The pain associated with this condition is severe enough that opiates are often required. Therefore, one of Dr. Wigley’s first moves in the office is often to administer a digital block for immediate pain relief. He sticks the needle into the web of the finger and infiltrates 2% lidocaine. It’s an easy procedure to do, and it often breaks the acute event.
If the digital block doesn’t succeed in terminating the ischemic event, however, then his go-to therapy is prostacyclin infusion.
“We’re very keen at our center, and at other centers around the country as well, to go right to a prostacyclin analogue. You can do that for prevention or during an acute event. Set up a peripheral line, run in prostacyclin for 3-5 days, and it has a magical effect that lasts for 10-12 weeks. It can really break an ischemic event quickly and may also have some preventive benefit. What we have available in the U.S. is epoprostenol. In can be administered on an inpatient basis, but we set it up as outpatient therapy. Patients come in for an 8-hour period for 3-5 days in a row,” the rheumatologist explained.
This is off-label therapy. Epoprostenol’s approved indication is in treating pulmonary arterial hypertension. But there is persuasive evidence of the effectiveness of epoprostenol (Flolan) and the prostacyclins available in other countries in aborting acute digital ischemic events in patients with Raynaud’s, he said.
One prostacyclin, treprostinil, is now available as Orenitram in an oral formulation approved for treatment of pulmonary arterial hypertension. Other oral prostacyclins are in the developmental pipeline. Despite their promise of much greater patient convenience, however, at this point their use in patients with acute digital critical ischemia isn’t supported by evidence.
During those multiple, daylong outpatient treatment sessions, Dr. Wigley emphasizes the importance of staying warm, resting, and avoiding stress. He also makes sure the patient is on an optimal vasodilatory medication program, the linchpin of which is a long-acting calcium channel blocker titrated to the maximum tolerated dose.
He also does special testing in search of a potential obstruction in a larger upstream vessel that might be amenable to a corrective procedure.

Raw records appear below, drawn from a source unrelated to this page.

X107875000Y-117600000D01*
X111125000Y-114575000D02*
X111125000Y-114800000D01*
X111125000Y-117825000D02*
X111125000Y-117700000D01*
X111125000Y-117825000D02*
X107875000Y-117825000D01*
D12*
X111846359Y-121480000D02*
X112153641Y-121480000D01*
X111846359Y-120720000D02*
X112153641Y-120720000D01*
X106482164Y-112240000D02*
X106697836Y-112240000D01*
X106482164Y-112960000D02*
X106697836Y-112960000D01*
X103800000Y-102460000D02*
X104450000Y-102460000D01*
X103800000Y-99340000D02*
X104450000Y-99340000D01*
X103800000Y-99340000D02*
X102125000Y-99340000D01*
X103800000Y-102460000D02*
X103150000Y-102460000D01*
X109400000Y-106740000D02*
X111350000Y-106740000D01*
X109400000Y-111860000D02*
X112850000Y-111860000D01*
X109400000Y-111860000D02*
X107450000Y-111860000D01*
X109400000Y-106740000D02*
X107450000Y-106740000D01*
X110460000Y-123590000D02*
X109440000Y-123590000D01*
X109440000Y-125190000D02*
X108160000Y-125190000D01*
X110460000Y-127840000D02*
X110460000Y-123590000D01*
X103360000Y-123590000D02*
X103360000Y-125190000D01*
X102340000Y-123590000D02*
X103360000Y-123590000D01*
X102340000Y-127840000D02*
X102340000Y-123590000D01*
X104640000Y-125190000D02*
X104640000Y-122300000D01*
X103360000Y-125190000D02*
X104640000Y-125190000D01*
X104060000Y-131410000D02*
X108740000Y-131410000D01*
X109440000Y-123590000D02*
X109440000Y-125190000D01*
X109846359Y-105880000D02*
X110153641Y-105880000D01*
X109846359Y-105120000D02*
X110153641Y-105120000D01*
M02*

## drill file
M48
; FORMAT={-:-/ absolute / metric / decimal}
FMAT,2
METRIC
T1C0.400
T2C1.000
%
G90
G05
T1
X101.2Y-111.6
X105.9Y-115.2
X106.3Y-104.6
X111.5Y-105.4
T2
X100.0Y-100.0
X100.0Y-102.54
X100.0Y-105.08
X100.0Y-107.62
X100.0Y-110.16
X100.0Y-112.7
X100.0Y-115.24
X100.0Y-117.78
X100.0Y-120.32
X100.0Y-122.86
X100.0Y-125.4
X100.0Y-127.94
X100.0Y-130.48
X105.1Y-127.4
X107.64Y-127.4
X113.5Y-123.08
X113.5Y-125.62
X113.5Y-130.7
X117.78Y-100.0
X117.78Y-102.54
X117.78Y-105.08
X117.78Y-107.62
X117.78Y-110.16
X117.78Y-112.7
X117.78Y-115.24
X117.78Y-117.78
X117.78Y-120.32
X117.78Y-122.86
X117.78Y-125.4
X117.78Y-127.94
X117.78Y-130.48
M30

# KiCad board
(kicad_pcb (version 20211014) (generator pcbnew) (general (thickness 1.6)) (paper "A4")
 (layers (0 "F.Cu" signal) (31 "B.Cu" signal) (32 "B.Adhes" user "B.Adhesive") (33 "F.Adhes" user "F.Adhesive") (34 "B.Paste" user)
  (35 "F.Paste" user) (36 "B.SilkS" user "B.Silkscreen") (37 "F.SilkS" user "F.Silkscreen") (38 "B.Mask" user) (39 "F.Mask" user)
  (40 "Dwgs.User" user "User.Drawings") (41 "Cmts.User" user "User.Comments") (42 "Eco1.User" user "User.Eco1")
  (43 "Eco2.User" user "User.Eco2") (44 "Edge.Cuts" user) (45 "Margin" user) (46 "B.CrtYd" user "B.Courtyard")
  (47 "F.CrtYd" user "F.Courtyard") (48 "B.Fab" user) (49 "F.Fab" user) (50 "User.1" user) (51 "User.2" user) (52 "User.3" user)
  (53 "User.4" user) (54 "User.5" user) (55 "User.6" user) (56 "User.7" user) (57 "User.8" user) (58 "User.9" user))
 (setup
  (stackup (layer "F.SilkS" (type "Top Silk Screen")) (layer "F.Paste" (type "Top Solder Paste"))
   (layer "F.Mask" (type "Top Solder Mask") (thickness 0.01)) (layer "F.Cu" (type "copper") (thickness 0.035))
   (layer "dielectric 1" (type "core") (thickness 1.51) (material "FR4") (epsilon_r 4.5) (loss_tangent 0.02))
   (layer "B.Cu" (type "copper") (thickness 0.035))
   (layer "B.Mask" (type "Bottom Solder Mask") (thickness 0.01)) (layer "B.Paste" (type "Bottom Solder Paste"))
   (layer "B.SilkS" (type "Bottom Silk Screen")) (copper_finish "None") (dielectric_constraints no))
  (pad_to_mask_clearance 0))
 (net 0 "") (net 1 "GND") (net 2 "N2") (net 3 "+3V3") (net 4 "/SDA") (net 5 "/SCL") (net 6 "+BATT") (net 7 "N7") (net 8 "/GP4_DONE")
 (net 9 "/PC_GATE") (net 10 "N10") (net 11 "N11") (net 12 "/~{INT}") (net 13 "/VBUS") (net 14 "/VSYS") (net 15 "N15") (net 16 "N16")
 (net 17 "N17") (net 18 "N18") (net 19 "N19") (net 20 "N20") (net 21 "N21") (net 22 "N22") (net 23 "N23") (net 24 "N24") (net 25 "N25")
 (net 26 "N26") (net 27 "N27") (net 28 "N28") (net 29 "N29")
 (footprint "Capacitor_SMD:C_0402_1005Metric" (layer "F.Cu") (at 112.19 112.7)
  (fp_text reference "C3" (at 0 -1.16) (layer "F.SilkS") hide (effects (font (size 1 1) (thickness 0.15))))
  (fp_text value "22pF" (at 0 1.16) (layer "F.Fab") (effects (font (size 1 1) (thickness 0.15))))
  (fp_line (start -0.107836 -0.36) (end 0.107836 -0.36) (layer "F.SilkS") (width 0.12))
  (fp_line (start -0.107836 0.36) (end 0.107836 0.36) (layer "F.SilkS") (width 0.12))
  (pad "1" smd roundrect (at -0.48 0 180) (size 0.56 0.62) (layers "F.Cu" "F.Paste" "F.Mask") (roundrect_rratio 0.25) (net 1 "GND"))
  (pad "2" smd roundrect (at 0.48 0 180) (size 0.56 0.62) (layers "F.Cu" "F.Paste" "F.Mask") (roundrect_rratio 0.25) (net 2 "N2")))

These tests include Doppler ultrasound, the Allen’s test, magnetic resonance angiography, and/or digital subtraction x-ray.
This multiday period of prostacyclin therapy is an excellent opportunity to initiate the use of vasculoprotective medications. The ones he’s found most helpful include statins, low-dose aspirin or another antiplatelet agent, antioxidants, and in the case of a suspected early thrombotic or embolic event, 24-72 hours of low-molecular-weight or unfractionated heparin.
There is clinical trial evidence that bosentan (Tracleer) reduces the frequency of recurrent digital ulcers. Dr. Wigley rarely uses it, however, because it’s expensive and has lots of toxicity.
Surgical sympathectomy can be finger saving.
“Don’t dillydally,” urged Dr. Wigley. “If your patient is not responding to medical therapy, don’t say, ‘Come back in a few weeks, and we’ll see how you’re doing.’ You’ll lose the finger.”
Sympathectomy has several salutary effects: the procedure rips sympathetic nerve fibers from the over-sensitive blood vessels and also gets rid of fibrous material entrapping the vessels.
In a meta-analysis of studies that included 511 proximal sympathectomies in 449 patients with secondary Raynaud’s, 89% reported sustained improvement (J. Vasc. Surg. 2011;54:273-7). The available data on the less morbid alternative digital sympathectomy procedure are less extensive, but the rates of complete healing and/or decrease in digital ulcers are impressive.
Remember: Avoid tunnel vision, Dr. Wigley cautioned. Always consider the likely possibility of macrovascular disease in the setting of lower-extremity digital ischemia. Measurement of the ankle-brachial pressure index is considered a mandatory part of the clinical work-up in these patients. An ankle-brachial index of less than 0.9 has 95% sensitivity for the presence of angiographically evident cardiovascular disease.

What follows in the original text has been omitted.